Taking the listing below, restate word for word each line from the line with "X132273000Y-82120500D03*" to the line with "X130617000Y-78547000D01*", ends included, and stop there.

--- --- ---

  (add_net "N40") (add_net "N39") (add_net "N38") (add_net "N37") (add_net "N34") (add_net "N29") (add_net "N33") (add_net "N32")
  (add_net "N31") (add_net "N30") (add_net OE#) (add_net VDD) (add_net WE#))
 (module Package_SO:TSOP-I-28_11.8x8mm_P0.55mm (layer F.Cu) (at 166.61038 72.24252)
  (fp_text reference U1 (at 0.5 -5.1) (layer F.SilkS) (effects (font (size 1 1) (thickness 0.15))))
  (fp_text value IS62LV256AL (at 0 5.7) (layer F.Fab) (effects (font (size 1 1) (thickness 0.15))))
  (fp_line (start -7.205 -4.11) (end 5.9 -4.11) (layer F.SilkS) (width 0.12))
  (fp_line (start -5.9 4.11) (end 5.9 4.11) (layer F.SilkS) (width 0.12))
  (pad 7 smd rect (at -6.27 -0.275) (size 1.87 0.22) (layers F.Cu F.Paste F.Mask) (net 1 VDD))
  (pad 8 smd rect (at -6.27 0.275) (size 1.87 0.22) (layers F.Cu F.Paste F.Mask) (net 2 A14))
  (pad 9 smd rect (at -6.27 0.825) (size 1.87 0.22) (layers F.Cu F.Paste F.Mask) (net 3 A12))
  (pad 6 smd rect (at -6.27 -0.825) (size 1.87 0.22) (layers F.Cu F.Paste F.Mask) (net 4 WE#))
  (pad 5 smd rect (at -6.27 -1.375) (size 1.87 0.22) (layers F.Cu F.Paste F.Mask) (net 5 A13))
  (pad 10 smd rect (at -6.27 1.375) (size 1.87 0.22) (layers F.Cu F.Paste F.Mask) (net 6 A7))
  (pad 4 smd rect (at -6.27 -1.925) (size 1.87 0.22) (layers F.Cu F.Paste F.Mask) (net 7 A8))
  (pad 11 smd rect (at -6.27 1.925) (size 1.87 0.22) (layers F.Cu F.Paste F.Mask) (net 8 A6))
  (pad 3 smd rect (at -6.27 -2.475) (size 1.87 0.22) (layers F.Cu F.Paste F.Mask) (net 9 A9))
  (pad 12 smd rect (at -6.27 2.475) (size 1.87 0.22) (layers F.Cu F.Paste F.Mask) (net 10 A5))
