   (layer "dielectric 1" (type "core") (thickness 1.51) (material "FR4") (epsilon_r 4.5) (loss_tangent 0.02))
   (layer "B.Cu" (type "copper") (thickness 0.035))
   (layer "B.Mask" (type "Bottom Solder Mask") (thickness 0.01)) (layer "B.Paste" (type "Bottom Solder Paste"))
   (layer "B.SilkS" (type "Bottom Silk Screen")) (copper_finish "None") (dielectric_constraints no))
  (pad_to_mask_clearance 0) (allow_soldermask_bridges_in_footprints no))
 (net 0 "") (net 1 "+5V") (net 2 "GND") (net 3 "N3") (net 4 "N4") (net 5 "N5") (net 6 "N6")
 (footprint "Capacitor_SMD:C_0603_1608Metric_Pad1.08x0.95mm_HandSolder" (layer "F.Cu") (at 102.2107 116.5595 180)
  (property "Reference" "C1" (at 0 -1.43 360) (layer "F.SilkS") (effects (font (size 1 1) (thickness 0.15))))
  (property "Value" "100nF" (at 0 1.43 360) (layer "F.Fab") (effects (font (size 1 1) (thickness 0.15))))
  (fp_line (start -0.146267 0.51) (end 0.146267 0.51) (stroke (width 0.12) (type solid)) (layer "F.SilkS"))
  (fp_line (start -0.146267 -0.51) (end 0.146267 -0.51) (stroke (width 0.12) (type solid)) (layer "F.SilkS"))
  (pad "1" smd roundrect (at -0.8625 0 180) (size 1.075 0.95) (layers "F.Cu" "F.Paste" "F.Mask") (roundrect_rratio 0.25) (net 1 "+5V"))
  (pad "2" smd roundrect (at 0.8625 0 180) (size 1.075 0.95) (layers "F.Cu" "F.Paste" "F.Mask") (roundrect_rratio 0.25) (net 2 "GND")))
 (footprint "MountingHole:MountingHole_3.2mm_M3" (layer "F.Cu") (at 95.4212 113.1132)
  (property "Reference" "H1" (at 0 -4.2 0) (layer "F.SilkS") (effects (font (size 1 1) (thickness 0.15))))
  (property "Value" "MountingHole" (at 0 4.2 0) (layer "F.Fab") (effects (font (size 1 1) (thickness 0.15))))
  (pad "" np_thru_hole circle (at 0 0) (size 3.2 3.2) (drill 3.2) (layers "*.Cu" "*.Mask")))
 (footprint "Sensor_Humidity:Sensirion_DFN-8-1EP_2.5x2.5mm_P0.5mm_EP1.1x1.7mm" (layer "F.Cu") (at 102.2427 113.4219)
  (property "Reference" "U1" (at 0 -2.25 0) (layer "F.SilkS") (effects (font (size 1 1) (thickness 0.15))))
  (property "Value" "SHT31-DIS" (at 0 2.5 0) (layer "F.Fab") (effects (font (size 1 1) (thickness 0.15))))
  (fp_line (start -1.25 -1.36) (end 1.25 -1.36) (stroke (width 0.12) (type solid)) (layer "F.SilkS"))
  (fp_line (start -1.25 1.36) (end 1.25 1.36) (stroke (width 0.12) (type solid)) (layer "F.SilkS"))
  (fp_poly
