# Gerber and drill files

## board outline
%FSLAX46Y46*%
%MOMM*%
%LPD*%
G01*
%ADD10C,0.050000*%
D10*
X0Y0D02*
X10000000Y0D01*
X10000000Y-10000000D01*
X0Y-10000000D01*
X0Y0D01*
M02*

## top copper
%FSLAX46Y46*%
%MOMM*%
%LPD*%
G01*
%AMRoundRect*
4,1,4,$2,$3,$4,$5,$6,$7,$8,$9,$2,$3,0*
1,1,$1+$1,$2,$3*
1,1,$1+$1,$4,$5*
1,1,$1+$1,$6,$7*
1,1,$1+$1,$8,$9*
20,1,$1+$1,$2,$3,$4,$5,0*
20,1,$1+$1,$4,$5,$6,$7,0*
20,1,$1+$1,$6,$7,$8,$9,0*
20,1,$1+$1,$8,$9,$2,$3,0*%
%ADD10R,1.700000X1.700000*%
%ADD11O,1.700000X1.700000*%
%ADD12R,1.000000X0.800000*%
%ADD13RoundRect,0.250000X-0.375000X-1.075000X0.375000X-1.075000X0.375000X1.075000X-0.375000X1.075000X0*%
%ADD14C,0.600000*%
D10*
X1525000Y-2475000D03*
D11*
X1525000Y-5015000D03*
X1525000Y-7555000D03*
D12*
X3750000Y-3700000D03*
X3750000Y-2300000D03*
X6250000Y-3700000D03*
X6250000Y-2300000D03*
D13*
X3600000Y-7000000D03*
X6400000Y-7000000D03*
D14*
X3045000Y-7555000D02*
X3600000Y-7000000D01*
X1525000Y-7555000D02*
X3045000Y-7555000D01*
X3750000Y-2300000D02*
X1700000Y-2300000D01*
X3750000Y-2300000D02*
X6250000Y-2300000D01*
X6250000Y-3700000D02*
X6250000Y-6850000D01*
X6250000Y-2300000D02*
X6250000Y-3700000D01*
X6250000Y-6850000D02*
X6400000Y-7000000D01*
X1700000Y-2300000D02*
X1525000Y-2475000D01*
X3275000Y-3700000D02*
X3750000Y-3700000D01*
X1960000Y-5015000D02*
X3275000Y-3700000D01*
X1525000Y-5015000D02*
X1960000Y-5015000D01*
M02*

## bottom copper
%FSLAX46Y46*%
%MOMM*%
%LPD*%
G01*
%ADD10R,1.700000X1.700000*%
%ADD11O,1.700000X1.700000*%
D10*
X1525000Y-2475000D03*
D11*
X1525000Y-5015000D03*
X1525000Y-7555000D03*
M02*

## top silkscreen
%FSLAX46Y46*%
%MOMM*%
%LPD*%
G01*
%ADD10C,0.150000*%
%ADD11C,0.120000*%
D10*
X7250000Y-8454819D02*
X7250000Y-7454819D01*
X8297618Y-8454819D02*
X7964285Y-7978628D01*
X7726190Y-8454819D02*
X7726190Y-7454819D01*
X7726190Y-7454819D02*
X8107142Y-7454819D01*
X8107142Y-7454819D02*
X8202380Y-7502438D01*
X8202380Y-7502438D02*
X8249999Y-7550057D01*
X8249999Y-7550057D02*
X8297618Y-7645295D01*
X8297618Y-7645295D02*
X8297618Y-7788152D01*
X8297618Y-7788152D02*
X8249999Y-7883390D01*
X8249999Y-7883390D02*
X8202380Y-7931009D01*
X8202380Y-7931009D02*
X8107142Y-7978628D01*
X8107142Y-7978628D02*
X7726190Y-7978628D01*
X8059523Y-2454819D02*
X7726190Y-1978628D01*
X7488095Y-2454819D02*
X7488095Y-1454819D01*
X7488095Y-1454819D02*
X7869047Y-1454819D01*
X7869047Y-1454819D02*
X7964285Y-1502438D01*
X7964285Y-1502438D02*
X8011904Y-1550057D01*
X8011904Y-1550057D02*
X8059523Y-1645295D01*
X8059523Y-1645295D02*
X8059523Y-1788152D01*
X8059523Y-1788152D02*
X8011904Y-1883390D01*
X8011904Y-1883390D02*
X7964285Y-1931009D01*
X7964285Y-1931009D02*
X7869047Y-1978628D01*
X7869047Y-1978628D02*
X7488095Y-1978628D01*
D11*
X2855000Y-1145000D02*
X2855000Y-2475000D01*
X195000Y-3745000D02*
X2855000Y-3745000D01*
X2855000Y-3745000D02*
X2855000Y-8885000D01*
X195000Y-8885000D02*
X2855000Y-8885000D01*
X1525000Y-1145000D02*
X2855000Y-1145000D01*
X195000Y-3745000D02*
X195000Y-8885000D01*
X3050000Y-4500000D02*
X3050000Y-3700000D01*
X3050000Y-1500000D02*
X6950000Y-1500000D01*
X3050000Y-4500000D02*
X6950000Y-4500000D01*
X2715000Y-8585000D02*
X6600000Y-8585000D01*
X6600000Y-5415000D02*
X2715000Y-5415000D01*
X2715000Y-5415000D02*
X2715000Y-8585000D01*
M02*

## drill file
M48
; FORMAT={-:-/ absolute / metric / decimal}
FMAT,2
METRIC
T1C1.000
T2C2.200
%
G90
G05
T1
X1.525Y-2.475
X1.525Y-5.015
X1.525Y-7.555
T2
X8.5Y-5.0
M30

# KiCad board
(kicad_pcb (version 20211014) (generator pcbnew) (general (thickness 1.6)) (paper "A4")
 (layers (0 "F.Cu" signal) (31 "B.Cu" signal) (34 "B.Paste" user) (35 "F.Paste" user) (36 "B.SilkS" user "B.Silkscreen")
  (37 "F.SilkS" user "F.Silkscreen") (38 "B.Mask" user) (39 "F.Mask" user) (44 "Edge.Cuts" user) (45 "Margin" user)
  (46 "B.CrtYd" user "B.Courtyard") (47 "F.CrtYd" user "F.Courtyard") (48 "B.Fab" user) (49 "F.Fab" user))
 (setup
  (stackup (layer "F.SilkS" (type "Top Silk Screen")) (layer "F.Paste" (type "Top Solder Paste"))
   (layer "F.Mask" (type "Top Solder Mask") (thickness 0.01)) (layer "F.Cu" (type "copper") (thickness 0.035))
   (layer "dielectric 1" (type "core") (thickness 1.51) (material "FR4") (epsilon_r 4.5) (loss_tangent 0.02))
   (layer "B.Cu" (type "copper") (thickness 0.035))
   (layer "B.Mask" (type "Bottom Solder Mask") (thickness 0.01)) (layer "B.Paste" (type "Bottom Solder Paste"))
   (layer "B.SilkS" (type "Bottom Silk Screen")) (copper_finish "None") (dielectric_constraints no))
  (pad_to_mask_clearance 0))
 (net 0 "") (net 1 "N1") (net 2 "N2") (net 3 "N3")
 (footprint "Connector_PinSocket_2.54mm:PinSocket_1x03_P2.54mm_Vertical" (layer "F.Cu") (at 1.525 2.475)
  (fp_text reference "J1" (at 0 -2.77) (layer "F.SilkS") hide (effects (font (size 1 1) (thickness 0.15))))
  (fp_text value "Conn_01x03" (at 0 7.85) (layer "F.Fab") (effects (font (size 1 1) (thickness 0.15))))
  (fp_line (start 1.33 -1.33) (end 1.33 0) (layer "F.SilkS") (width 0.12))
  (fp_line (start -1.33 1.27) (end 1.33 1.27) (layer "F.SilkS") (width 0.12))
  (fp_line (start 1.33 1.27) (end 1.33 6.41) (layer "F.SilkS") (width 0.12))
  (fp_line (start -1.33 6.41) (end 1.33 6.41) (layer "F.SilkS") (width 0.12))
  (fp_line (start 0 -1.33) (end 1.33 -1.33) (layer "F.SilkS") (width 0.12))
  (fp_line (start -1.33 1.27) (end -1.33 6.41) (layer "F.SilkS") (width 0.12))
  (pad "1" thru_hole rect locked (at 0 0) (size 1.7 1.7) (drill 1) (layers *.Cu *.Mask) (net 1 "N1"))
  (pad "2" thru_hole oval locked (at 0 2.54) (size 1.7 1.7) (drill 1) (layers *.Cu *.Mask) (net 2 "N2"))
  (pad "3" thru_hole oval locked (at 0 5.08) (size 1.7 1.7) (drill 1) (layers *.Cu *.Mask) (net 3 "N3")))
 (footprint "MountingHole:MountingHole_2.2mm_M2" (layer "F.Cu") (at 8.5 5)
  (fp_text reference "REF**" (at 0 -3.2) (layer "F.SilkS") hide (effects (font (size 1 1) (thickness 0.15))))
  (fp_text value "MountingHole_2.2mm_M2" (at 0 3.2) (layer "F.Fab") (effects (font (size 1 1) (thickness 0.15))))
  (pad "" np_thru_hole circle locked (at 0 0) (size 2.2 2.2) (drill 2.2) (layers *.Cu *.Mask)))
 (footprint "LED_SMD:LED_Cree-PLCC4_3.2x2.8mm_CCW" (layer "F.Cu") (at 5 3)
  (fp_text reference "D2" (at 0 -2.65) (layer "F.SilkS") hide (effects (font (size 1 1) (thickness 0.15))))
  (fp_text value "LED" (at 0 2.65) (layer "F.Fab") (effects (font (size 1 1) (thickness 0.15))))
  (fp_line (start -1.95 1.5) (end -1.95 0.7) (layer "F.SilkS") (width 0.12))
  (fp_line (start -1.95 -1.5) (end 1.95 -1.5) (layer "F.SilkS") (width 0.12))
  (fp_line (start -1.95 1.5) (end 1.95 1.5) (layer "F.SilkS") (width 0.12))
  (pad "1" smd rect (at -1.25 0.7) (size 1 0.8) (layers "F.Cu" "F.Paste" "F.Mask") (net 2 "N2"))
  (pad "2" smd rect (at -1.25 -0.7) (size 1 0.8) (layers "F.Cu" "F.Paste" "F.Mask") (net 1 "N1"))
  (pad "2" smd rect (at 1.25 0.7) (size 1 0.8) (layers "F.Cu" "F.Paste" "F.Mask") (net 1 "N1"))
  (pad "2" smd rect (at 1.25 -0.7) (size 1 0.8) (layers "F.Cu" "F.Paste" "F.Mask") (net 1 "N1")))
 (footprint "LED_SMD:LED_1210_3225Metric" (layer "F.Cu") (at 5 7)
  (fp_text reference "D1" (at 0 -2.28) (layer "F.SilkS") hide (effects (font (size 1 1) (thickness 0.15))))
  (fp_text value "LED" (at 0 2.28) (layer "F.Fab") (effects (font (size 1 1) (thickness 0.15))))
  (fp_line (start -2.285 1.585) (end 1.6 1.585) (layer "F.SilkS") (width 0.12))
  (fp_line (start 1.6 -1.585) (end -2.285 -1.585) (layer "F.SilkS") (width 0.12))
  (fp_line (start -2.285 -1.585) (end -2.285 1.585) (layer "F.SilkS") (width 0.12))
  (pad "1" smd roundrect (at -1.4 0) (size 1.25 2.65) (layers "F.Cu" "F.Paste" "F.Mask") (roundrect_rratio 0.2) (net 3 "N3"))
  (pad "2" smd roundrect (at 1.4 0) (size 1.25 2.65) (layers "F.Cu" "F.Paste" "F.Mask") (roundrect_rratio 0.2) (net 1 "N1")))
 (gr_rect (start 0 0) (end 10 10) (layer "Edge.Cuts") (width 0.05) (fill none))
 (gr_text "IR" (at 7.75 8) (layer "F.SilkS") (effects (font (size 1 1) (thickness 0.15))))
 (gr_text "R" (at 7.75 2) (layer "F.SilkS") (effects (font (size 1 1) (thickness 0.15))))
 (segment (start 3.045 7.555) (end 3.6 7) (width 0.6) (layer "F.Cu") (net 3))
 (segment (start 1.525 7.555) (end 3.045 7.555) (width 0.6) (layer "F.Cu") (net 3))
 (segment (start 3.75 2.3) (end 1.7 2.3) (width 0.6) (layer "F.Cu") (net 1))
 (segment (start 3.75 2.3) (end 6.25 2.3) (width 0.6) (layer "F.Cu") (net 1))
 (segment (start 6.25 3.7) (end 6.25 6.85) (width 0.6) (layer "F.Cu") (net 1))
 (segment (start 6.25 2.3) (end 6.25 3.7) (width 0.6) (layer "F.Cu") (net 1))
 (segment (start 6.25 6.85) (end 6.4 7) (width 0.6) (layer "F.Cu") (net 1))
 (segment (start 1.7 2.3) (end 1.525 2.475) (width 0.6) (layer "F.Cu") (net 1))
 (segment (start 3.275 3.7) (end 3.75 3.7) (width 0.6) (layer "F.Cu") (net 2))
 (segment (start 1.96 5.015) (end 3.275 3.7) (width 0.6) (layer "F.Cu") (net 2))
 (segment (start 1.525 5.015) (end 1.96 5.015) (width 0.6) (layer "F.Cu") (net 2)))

--- --- ---

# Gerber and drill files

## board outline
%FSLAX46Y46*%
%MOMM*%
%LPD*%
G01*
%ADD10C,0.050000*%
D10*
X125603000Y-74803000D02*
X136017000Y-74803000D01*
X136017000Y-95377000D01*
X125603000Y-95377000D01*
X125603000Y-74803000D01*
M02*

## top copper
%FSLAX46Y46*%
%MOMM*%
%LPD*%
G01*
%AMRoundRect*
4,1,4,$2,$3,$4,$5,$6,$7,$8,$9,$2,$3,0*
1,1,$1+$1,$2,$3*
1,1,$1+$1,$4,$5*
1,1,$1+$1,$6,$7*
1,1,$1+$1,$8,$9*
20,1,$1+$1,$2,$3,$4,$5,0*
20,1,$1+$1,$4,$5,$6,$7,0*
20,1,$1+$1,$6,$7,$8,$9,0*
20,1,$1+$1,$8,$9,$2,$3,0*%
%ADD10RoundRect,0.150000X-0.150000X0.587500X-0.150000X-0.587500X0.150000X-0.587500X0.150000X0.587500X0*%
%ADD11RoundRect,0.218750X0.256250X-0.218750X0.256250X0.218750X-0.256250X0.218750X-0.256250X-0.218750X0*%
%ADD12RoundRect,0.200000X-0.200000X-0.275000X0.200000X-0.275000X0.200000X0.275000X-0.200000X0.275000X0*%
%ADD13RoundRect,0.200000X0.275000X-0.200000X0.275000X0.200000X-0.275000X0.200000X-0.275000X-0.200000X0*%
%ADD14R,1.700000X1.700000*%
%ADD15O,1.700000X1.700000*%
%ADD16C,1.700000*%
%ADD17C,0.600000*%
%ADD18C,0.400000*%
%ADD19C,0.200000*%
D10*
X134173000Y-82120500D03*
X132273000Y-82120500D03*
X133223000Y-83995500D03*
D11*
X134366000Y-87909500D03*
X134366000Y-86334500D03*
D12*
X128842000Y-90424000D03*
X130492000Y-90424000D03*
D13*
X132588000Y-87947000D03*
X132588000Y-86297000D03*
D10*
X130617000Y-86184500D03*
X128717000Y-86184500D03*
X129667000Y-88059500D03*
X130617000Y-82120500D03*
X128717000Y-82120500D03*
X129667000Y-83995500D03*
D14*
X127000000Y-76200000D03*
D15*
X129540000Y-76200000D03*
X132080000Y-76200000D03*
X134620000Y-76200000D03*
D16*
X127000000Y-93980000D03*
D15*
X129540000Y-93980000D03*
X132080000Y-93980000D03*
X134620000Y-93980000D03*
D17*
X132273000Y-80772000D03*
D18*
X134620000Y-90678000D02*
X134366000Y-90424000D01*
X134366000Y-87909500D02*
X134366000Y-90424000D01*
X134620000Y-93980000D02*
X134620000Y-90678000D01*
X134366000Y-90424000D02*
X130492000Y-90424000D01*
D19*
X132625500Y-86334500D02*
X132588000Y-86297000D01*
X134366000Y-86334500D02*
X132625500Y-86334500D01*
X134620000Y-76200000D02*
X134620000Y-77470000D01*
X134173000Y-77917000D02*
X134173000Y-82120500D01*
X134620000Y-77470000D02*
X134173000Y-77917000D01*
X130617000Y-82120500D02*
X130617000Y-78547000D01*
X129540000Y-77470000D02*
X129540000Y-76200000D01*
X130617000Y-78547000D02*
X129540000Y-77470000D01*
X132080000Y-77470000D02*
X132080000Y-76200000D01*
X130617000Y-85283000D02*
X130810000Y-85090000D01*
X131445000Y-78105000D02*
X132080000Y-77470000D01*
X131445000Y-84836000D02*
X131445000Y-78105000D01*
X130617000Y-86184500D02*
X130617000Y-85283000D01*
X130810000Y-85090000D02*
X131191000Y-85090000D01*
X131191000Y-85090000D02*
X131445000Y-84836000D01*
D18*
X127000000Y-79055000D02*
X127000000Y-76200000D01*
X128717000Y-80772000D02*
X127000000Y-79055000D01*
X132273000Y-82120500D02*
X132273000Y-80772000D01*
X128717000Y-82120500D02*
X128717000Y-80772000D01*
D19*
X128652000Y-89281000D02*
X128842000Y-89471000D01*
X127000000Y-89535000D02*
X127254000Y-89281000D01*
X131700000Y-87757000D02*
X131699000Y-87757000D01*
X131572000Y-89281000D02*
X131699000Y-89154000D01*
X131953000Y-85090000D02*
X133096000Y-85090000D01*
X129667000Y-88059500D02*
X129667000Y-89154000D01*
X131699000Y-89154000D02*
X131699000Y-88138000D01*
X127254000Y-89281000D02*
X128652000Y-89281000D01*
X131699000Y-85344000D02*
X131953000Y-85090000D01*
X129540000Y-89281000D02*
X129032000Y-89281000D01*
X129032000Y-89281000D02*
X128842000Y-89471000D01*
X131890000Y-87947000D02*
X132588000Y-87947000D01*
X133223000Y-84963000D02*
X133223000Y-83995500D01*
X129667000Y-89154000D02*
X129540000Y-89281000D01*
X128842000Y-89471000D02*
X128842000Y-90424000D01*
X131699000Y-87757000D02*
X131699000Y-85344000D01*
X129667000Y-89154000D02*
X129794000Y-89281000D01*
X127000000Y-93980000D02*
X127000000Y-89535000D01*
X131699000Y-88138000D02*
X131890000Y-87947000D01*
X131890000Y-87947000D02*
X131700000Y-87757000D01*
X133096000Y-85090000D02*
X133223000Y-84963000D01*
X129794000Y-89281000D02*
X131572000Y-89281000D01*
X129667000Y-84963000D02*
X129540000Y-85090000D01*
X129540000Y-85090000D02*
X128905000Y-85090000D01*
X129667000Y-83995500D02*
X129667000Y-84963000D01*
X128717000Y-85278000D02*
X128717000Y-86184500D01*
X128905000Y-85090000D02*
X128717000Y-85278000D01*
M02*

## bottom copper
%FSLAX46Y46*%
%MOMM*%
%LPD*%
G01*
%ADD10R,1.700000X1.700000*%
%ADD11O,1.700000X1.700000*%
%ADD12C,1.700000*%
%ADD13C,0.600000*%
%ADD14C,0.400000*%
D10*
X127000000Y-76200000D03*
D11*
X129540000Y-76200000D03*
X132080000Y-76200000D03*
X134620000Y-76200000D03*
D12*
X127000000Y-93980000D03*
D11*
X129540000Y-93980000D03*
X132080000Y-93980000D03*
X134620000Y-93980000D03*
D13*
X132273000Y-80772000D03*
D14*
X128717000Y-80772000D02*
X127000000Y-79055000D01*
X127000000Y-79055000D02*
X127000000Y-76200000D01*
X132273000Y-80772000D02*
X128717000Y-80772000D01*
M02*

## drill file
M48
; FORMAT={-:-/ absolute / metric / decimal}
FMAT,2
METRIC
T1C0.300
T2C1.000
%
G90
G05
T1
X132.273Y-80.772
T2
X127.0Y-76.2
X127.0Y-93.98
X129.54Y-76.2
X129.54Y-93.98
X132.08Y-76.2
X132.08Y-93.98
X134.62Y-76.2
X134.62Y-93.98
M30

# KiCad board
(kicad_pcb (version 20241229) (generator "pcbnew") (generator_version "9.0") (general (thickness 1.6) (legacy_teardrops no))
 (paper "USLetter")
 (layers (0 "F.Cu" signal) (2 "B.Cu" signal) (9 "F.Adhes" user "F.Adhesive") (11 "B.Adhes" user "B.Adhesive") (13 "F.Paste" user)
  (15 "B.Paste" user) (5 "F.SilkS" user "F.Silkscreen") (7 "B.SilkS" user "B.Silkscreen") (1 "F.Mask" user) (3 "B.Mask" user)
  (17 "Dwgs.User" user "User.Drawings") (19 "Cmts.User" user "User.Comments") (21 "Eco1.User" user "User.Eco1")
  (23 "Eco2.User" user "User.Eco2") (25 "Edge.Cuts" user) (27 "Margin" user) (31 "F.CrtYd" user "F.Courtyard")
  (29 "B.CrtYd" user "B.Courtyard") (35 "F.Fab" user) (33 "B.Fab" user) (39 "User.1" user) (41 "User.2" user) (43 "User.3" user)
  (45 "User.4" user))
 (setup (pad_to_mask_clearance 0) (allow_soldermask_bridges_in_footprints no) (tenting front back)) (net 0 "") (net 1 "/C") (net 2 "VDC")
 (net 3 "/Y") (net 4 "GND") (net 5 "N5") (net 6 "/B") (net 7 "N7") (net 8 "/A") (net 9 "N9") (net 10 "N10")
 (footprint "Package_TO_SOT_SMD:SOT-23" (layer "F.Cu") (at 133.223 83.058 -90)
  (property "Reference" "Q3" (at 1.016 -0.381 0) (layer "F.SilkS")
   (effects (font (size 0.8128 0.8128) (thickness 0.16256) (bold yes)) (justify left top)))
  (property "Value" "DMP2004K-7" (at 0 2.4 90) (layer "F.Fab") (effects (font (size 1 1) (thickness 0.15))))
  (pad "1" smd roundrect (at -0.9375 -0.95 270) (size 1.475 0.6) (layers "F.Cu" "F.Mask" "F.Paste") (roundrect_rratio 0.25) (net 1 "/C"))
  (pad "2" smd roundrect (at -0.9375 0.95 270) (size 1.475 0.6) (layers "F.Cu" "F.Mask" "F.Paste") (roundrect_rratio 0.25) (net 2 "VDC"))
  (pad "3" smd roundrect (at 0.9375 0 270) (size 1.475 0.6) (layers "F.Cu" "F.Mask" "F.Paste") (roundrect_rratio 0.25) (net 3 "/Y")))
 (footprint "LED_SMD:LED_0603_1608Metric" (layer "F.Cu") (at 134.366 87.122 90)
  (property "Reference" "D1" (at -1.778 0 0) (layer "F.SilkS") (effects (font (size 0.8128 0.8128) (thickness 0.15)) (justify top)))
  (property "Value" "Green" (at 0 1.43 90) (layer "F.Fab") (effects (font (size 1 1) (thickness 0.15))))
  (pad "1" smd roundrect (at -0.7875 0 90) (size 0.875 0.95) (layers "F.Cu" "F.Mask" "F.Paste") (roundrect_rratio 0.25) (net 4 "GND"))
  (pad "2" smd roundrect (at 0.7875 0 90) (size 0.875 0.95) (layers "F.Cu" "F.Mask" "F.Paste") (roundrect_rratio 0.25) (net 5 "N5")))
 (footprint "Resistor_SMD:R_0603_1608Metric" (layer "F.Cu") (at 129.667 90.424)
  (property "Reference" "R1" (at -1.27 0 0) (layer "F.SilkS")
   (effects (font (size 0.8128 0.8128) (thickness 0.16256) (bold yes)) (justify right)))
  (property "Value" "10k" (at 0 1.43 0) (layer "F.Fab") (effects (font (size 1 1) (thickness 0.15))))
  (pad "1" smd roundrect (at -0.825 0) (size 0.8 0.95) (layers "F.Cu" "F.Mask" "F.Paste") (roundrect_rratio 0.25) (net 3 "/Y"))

--- --- ---

RESULT
X132273000Y-82120500D03*
X133223000Y-83995500D03*
D11*
X134366000Y-87909500D03*
X134366000Y-86334500D03*
D12*
X128842000Y-90424000D03*
X130492000Y-90424000D03*
D13*
X132588000Y-87947000D03*
X132588000Y-86297000D03*
D10*
X130617000Y-86184500D03*
X128717000Y-86184500D03*
X129667000Y-88059500D03*
X130617000Y-82120500D03*
X128717000Y-82120500D03*
X129667000Y-83995500D03*
D14*
X127000000Y-76200000D03*
D15*
X129540000Y-76200000D03*
X132080000Y-76200000D03*
X134620000Y-76200000D03*
D16*
X127000000Y-93980000D03*
D15*
X129540000Y-93980000D03*
X132080000Y-93980000D03*
X134620000Y-93980000D03*
D17*
X132273000Y-80772000D03*
D18*
X134620000Y-90678000D02*
X134366000Y-90424000D01*
X134366000Y-87909500D02*
X134366000Y-90424000D01*
X134620000Y-93980000D02*
X134620000Y-90678000D01*
X134366000Y-90424000D02*
X130492000Y-90424000D01*
D19*
X132625500Y-86334500D02*
X132588000Y-86297000D01*
X134366000Y-86334500D02*
X132625500Y-86334500D01*
X134620000Y-76200000D02*
X134620000Y-77470000D01*
X134173000Y-77917000D02*
X134173000Y-82120500D01*
X134620000Y-77470000D02*
X134173000Y-77917000D01*
X130617000Y-82120500D02*
X130617000Y-78547000D01*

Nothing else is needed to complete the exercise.